Coiled-coil-helix-coiled-coil-helix domain-containing protein 10, mitochondrial, also known as Protein N27C7-4 is a protein that in humans is encoded by the CHCHD10 gene.

Structure
The CHCHD10 gene is located on the q arm of chromosome 22 at position 11.23 and it spans 2,138 base pairs. The CHCHD10 gene produces a 14.9 kDa protein composed of 149 amino acids. It is enriched at cristae junctions in the intermembrane space of the mitochondria. The structure of the protein contains a nonstructured N-terminal region, a hydrophobic helix and a C-terminal CHCH domain which contains a Cx(9)C motif and two additional cysteines. A total of four cysteines are predicted to form two disulfide bonds.

Function
This gene encodes for a mitochondrial protein that is enriched at cristae junctions in the intermembrane space.
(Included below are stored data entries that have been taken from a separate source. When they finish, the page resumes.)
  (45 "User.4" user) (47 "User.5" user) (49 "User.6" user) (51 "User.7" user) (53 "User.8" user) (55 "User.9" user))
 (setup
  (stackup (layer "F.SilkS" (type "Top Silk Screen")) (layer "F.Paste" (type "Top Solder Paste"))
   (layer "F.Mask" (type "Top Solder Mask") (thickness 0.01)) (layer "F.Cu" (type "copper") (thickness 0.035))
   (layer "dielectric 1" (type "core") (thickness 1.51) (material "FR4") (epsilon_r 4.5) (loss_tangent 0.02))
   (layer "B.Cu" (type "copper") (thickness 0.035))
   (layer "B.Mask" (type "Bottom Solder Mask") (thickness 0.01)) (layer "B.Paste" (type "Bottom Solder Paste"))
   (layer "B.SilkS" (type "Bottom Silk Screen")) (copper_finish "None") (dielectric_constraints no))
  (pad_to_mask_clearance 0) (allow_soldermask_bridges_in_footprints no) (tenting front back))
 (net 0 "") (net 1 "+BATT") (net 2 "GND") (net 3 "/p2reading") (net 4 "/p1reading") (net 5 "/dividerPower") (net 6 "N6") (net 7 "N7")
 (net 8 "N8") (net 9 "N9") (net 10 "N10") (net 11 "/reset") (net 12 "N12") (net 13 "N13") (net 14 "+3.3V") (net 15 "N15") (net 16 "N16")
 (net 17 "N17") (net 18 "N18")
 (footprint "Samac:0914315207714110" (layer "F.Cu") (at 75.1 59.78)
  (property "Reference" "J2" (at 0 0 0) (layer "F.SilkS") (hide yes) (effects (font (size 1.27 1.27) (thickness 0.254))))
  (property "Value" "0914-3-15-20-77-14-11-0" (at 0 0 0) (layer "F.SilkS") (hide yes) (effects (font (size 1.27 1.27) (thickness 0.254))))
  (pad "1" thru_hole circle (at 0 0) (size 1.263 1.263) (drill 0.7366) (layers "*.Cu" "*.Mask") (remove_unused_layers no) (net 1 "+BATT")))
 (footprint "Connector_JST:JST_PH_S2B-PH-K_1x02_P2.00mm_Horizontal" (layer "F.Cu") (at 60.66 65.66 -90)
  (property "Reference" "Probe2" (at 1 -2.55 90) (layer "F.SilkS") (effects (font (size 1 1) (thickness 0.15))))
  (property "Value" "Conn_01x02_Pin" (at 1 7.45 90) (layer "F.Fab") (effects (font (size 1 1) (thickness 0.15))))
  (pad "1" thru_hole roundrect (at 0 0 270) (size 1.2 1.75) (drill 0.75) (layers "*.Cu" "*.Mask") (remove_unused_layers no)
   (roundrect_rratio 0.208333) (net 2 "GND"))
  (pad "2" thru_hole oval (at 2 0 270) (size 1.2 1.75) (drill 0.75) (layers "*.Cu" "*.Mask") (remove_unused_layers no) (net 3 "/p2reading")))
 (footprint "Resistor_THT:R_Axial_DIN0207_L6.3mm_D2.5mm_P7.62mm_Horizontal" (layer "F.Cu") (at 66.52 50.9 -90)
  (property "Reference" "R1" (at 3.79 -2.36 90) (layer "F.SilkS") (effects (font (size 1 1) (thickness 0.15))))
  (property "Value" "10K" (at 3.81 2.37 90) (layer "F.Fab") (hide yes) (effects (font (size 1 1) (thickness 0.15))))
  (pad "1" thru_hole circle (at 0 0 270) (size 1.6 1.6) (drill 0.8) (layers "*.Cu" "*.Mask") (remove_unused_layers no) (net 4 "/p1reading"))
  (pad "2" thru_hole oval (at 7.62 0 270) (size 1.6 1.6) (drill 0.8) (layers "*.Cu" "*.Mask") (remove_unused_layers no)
It may play a role in cristae morphology maintenance or oxidative phosphorylation.

Clinical significance
CHCHD10-related disorders include Myopathy, isolated mitochondrial, autosomal dominant (IMMD), Frontotemporal dementia and/or amyotrophic lateral sclerosis 2 (FTDALS2), Spinal muscular atrophy, Jokela type (SMAJ).

Frontotemporal dementia and/or amyotrophic lateral sclerosis 2 (FTDALS2)
Frontotemporal dementia and/or amyotrophic lateral sclerosis 2 (FTDALS2) is a neurodegenerative disorder with high intrafamilial variation with phenotypes such as 
frontotemporal dementia and/or amyotrophic lateral sclerosis. Frontotemporal dementia is characterized by frontal and temporal lobe atrophy associated with neuronal loss, gliosis, and dementia. Patients exhibit progressive changes in social, behavioral, and/or language function. Amyotrophic lateral sclerosis is characterized by the death of motor neurons in the brain, brainstem, and spinal cord, resulting in fatal paralysis.
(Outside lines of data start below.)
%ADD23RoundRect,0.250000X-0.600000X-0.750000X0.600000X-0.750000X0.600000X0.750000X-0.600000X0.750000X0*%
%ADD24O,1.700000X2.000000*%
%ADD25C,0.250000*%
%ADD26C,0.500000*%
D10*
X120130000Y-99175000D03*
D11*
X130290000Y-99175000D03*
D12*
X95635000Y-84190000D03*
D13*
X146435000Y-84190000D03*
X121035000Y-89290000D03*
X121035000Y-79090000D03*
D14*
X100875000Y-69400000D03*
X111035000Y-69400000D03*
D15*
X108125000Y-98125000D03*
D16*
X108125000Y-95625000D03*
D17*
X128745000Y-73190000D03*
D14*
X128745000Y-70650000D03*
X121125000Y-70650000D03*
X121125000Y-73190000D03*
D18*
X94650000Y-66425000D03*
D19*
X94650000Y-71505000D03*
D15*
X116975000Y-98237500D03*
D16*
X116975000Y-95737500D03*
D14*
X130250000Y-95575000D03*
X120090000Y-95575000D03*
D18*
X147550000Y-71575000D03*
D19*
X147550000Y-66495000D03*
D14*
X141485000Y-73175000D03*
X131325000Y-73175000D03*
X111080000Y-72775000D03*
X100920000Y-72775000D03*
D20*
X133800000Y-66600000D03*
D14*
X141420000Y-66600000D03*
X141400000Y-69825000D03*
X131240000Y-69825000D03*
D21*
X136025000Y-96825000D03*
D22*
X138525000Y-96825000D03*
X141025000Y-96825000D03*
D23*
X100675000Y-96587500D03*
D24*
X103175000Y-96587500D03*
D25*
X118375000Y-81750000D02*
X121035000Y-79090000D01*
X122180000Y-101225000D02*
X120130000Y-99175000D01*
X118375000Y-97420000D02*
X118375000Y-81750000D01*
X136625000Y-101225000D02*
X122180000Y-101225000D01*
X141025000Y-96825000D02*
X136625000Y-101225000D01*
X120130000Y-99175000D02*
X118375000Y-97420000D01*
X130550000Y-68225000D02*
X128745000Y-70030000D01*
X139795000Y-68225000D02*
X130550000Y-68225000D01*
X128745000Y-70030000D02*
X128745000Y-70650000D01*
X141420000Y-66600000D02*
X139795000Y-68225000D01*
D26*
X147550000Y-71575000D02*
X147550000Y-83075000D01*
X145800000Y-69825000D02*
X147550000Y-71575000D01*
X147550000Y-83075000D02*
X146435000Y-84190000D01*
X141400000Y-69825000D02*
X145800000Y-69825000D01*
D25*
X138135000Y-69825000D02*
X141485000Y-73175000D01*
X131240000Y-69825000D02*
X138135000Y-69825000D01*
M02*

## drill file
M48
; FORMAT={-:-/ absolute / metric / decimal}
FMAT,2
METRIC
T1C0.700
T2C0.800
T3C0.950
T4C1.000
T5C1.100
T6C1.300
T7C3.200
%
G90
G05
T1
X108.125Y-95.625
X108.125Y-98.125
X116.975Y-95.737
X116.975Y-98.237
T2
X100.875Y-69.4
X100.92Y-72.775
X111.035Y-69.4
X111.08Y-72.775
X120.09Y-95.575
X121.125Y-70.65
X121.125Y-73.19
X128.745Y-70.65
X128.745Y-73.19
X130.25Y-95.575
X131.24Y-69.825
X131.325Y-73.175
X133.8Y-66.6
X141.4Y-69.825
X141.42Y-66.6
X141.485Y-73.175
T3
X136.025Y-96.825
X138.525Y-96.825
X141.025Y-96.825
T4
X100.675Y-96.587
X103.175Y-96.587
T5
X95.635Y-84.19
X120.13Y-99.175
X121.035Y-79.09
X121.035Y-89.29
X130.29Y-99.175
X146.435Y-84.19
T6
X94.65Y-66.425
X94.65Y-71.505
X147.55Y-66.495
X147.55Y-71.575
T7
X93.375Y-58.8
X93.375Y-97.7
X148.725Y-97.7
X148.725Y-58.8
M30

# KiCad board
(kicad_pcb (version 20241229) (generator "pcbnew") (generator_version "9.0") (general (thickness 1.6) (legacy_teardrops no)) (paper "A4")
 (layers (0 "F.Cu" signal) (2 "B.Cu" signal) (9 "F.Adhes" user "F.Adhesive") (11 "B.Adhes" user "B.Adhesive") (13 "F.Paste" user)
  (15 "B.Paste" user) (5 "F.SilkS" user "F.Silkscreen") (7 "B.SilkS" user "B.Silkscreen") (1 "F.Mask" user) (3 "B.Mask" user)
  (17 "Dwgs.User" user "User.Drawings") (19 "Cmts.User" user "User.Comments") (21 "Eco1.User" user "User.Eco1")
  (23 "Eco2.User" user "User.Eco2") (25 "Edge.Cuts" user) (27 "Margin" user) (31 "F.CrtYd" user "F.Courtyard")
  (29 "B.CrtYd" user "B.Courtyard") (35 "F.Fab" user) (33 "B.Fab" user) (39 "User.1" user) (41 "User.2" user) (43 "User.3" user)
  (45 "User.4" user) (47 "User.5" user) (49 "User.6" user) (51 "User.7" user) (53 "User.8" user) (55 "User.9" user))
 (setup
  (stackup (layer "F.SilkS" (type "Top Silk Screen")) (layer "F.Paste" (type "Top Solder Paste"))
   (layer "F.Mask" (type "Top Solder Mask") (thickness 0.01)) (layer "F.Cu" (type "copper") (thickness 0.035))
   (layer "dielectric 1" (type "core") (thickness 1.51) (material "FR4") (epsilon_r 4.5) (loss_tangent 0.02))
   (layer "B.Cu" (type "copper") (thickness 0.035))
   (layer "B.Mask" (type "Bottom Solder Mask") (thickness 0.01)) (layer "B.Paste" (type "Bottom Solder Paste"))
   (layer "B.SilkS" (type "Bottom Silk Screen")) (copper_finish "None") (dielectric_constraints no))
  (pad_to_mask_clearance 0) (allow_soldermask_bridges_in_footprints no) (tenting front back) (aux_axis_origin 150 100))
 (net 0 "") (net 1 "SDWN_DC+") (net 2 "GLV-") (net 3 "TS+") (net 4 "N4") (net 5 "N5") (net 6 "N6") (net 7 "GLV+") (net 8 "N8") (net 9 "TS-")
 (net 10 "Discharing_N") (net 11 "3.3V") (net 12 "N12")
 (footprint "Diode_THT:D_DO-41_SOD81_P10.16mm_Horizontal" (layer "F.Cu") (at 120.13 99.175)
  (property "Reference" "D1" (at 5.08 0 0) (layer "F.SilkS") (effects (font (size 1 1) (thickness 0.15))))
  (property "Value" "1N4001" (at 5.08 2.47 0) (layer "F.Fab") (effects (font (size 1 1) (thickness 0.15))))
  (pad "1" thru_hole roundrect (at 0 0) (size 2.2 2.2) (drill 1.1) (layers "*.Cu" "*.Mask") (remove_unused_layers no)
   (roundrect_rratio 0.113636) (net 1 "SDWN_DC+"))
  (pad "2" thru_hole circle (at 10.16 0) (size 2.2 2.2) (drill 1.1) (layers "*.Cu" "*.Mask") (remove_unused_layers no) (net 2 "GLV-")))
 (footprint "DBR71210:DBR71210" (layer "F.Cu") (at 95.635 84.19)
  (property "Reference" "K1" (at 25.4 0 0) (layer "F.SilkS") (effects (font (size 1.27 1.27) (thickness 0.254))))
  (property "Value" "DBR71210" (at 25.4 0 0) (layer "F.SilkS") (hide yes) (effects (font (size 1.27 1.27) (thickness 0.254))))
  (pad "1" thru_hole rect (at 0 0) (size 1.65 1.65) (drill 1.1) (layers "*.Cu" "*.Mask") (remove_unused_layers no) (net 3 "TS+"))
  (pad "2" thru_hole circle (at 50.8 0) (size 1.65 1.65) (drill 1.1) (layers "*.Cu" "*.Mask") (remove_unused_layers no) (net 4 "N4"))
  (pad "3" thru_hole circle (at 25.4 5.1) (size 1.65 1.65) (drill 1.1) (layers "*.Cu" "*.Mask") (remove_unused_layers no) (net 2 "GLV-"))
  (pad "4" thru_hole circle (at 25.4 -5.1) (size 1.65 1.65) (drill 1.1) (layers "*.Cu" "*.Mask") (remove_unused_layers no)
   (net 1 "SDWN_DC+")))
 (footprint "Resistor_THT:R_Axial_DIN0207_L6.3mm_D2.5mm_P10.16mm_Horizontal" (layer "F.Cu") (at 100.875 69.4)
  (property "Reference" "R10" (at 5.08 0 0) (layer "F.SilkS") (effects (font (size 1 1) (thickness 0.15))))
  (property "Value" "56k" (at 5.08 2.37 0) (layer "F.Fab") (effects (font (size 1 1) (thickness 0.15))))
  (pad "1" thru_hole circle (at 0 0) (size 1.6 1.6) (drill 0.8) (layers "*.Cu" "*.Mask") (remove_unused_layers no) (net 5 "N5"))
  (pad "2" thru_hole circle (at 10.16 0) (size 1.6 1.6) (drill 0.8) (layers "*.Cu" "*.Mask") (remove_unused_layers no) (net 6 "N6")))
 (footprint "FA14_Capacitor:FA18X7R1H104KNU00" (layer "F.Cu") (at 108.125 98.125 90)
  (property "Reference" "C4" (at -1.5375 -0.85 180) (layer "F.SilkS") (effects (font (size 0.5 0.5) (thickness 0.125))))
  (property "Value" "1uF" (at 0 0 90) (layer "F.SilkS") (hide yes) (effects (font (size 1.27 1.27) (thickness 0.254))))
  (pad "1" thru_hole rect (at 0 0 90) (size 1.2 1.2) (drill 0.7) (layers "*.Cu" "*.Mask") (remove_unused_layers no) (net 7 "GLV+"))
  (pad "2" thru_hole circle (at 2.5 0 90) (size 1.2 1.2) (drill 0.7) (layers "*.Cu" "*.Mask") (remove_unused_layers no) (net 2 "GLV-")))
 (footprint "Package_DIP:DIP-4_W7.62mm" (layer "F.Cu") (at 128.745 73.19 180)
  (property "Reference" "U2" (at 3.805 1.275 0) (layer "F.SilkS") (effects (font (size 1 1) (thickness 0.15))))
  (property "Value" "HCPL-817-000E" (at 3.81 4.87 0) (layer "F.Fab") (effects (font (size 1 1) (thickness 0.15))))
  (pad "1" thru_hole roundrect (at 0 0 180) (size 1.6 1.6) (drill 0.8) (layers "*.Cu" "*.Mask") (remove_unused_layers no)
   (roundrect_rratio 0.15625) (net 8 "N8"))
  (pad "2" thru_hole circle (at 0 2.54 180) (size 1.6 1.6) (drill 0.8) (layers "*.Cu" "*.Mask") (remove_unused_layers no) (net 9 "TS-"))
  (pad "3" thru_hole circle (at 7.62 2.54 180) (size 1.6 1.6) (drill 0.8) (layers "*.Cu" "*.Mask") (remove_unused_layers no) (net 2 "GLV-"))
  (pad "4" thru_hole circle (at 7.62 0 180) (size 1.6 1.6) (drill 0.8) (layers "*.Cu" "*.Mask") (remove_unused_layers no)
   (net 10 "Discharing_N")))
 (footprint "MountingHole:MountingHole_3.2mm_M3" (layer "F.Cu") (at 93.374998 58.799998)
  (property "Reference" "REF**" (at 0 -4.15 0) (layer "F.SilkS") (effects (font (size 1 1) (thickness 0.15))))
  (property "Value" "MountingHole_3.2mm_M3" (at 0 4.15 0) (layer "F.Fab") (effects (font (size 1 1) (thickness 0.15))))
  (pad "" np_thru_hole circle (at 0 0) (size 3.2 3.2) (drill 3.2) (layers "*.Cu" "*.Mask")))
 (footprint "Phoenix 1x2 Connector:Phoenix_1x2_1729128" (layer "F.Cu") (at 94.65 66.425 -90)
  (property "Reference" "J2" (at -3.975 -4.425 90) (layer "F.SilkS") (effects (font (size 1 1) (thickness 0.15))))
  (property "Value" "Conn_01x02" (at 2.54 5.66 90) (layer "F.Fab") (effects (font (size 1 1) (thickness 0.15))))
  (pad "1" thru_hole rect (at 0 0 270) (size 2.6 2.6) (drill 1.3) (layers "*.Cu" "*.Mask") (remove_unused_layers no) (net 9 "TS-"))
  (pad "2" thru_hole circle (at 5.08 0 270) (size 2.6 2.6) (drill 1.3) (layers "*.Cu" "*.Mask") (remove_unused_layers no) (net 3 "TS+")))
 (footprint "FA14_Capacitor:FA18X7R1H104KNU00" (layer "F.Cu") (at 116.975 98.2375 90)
Spinal muscular atrophy, Jokela type (SMAJ)
Spinal muscular atrophy, Jokela type (SMAJ) is an autosomal dominant, slowly progressive, lower motor neuron disease. SMAJ is characterized by adult-onset of muscle cramps and fasciculations affecting the proximal and distal muscles of the upper and lower limbs. The disorder results in weakness and mild muscle atrophy later in life.

Myopathy, isolated mitochondrial, autosomal dominant (IMMD)
Myopathy, isolated mitochondrial, autosomal dominant (IMMD) is a mitochondrial myopathy presenting with severe exercise intolerance, progressive proximal weakness, and lactic acidemia. The disorder is slowly progressive, with later involvement of facial muscles, muscles of the upper limbs, and distal muscles.

Others
Mutations in CHCHD10 has also been found to be associated with cerebellar ataxia, frontotemporal dementia (FTD), and other mitochondrial diseases.

Interactions

CHCHD10 has been known to interact with C1QBP, CLPX, FAF1, RNASEH1, ZNF444, KLF13, and other proteins.